Brief - Repeat exactly, and only, the lines of the entries below from the one with "X173823052Y-101521780D01*" through the one with "X167169109Y-88189180D01*", both ends included.

(Extracted information Opens)

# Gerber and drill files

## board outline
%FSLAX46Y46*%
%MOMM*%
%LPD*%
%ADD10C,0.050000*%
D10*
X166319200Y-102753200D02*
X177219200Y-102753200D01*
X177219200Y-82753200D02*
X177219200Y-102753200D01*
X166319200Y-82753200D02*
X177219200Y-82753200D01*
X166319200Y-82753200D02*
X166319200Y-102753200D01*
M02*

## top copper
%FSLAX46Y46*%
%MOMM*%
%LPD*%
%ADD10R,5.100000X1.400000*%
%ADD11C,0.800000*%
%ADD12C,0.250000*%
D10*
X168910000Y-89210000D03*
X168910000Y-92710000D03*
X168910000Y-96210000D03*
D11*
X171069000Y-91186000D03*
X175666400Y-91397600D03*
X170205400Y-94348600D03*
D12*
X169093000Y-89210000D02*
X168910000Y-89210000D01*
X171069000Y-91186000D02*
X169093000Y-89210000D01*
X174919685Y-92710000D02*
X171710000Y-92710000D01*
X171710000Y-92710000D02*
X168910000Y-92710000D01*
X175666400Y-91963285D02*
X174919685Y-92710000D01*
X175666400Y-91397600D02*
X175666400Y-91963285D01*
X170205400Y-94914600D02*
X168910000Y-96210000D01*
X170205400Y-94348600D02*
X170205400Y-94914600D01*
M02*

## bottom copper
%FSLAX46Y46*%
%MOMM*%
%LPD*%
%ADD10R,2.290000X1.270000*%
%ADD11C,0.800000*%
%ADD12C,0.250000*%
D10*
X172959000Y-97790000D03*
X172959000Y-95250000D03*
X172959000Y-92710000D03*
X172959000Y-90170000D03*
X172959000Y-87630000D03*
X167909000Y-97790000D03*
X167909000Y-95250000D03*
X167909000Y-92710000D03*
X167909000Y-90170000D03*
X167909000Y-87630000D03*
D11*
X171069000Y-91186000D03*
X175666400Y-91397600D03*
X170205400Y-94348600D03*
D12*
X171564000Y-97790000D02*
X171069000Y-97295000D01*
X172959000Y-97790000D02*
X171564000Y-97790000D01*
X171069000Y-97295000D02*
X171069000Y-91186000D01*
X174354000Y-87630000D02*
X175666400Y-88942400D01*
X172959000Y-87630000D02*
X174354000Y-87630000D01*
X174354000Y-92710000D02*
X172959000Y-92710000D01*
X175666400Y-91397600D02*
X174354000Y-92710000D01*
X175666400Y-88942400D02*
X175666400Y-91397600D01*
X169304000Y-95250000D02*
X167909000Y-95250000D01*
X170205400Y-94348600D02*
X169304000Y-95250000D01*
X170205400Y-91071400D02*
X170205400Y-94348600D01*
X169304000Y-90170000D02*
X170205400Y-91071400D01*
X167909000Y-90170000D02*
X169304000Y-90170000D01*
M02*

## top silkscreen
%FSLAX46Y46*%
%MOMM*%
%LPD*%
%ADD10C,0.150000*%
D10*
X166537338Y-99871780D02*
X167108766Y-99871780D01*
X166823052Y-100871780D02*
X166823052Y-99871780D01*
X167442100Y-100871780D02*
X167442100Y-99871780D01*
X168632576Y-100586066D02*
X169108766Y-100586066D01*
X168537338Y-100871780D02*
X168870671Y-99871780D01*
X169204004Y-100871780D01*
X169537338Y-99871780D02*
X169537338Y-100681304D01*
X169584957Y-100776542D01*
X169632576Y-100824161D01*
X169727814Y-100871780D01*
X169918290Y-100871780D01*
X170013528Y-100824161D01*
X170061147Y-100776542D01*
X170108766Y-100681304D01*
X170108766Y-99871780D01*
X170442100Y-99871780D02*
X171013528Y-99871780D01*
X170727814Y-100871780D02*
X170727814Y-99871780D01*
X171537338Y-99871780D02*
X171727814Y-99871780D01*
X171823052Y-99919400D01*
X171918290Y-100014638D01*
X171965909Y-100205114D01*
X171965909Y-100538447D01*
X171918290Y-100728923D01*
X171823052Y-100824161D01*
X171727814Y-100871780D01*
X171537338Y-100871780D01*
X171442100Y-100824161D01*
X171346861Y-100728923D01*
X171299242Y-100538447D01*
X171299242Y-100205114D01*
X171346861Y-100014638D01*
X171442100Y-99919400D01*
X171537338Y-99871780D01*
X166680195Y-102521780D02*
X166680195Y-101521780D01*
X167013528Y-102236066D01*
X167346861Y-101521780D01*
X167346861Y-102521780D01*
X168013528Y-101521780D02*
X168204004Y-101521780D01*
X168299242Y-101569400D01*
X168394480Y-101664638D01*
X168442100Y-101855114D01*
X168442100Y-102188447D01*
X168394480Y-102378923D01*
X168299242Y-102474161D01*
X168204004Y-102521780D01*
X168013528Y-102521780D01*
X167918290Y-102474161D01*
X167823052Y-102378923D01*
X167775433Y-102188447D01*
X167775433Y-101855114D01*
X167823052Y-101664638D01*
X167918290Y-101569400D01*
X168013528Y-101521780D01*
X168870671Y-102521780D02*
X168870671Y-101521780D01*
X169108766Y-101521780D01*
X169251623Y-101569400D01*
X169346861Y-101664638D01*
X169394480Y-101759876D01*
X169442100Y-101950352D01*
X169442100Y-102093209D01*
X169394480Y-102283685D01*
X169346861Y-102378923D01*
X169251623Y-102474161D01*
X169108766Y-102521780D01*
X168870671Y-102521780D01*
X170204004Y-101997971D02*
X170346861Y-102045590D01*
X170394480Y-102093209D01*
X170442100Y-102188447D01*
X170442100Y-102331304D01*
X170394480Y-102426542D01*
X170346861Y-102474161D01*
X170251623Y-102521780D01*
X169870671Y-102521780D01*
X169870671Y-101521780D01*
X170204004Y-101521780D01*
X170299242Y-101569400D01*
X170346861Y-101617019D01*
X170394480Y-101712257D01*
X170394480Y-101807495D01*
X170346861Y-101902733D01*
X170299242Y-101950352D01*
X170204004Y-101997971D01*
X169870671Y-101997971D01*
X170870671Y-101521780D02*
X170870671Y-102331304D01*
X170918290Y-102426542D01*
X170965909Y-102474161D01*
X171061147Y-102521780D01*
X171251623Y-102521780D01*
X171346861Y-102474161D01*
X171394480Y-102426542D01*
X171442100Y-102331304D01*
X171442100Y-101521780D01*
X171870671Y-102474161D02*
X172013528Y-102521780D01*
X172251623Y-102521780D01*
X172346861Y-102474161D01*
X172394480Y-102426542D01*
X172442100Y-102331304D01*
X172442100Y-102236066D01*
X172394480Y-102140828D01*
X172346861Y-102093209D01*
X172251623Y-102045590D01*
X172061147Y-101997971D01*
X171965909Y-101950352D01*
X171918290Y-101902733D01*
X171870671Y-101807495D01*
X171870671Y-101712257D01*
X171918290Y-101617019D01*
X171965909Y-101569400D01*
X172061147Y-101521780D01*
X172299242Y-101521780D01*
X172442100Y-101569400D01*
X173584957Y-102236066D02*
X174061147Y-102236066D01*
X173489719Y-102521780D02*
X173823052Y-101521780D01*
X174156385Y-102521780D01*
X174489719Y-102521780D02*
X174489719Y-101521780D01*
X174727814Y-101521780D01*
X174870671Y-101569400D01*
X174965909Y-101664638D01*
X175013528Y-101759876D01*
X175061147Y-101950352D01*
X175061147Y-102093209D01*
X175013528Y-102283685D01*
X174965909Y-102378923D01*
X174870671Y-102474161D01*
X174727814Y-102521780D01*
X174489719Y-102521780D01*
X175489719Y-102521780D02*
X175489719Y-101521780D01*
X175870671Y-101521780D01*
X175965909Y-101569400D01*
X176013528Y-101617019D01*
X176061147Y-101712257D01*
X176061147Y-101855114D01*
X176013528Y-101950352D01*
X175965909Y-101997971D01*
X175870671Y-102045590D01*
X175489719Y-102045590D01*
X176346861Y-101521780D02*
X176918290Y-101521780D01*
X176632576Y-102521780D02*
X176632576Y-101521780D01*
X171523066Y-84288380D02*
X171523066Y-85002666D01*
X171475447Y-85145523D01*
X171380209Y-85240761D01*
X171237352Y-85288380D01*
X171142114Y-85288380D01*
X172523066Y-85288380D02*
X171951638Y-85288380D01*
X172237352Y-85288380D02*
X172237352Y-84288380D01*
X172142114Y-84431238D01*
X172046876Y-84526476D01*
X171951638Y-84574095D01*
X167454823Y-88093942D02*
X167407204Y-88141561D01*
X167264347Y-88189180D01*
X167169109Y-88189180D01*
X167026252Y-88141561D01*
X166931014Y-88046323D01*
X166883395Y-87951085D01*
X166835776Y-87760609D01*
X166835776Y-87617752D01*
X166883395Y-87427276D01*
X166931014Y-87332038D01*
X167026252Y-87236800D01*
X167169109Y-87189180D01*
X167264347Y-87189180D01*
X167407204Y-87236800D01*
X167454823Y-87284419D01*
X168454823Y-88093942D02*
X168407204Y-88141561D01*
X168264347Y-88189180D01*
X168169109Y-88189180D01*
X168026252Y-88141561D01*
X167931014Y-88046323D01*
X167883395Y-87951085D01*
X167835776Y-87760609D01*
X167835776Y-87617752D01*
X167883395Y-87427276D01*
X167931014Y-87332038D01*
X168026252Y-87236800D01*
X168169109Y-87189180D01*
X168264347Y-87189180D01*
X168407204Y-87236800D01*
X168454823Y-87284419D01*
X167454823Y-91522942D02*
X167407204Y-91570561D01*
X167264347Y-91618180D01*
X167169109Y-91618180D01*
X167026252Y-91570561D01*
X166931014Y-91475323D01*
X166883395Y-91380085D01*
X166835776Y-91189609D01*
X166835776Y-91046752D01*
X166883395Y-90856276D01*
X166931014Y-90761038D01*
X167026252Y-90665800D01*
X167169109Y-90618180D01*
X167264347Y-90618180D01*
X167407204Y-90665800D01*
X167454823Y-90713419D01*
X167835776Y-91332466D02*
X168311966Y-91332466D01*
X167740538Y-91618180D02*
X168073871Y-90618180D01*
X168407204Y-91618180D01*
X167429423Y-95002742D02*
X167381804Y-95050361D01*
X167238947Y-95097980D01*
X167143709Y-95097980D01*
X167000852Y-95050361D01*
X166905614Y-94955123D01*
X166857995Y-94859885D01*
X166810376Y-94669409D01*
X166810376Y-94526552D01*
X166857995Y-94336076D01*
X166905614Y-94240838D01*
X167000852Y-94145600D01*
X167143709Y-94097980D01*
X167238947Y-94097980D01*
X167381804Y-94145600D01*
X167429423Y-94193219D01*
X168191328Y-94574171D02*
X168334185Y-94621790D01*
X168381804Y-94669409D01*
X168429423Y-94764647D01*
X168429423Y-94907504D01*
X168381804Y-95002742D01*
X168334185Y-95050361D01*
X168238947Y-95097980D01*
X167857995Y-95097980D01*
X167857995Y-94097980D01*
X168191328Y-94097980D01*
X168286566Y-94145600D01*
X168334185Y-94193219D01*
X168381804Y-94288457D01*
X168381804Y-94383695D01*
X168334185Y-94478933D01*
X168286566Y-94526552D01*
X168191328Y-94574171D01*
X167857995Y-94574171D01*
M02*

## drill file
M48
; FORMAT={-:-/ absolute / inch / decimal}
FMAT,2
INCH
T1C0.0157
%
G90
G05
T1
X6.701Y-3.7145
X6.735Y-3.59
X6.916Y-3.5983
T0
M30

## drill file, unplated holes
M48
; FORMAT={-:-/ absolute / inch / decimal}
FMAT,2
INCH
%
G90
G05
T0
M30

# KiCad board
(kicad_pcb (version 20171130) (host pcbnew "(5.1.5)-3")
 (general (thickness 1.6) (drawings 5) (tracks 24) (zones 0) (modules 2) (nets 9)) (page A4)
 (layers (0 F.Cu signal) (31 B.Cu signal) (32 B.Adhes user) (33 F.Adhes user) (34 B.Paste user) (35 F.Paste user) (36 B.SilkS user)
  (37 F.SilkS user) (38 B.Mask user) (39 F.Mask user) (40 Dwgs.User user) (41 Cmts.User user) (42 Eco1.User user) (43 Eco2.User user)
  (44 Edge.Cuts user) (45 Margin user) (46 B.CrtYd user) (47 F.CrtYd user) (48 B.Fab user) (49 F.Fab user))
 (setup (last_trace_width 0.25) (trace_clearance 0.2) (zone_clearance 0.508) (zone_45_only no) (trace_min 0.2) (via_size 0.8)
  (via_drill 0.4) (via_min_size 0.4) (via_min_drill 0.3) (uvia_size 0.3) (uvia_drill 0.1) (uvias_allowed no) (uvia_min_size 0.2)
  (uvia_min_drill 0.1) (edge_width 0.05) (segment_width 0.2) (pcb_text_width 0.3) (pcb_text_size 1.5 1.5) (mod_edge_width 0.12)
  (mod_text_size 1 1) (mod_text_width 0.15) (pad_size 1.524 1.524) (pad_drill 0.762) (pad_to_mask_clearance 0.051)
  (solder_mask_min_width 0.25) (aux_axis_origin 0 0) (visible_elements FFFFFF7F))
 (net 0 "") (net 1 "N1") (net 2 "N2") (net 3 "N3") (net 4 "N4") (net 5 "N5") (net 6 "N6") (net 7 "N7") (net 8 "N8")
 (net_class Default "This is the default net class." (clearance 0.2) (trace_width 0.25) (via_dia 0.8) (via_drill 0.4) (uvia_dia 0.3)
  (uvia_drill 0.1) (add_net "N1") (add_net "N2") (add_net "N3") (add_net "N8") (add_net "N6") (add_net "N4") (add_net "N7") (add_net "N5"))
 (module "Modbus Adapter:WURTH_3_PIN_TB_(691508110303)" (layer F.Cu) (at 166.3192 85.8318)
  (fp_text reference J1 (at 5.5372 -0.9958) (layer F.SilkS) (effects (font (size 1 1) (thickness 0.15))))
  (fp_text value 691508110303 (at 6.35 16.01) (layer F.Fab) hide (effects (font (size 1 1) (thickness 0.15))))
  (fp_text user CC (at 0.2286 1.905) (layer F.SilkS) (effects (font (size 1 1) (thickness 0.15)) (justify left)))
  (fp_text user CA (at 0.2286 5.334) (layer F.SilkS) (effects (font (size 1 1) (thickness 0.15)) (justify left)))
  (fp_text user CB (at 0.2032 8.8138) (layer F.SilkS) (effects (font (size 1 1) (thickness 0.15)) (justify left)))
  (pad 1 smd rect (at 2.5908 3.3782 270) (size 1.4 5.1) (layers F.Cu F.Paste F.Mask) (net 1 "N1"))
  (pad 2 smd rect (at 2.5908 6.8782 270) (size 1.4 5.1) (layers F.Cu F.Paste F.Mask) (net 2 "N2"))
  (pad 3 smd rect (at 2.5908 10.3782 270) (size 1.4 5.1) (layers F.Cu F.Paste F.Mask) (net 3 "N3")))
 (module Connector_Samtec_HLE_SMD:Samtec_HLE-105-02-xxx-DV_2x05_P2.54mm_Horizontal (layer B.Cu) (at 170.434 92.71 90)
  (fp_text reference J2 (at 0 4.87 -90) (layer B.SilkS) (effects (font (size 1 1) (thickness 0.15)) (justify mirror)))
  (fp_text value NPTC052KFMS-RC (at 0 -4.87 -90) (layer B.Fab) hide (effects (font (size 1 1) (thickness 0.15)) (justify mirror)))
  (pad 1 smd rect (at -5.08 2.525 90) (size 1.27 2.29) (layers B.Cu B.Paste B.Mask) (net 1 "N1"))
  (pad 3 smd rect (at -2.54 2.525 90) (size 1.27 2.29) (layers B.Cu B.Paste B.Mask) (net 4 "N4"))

(Extracted information Closes)

Reply -
X173823052Y-101521780D01*
X174156385Y-102521780D01*
X174489719Y-102521780D02*
X174489719Y-101521780D01*
X174727814Y-101521780D01*
X174870671Y-101569400D01*
X174965909Y-101664638D01*
X175013528Y-101759876D01*
X175061147Y-101950352D01*
X175061147Y-102093209D01*
X175013528Y-102283685D01*
X174965909Y-102378923D01*
X174870671Y-102474161D01*
X174727814Y-102521780D01*
X174489719Y-102521780D01*
X175489719Y-102521780D02*
X175489719Y-101521780D01*
X175870671Y-101521780D01*
X175965909Y-101569400D01*
X176013528Y-101617019D01*
X176061147Y-101712257D01*
X176061147Y-101855114D01*
X176013528Y-101950352D01*
X175965909Y-101997971D01*
X175870671Y-102045590D01*
X175489719Y-102045590D01*
X176346861Y-101521780D02*
X176918290Y-101521780D01*
X176632576Y-102521780D02*
X176632576Y-101521780D01*
X171523066Y-84288380D02*
X171523066Y-85002666D01*
X171475447Y-85145523D01*
X171380209Y-85240761D01*
X171237352Y-85288380D01*
X171142114Y-85288380D01*
X172523066Y-85288380D02*
X171951638Y-85288380D01*
X172237352Y-85288380D02*
X172237352Y-84288380D01*
X172142114Y-84431238D01*
X172046876Y-84526476D01*
X171951638Y-84574095D01*
X167454823Y-88093942D02*
X167407204Y-88141561D01*
X167264347Y-88189180D01*
X167169109Y-88189180D01*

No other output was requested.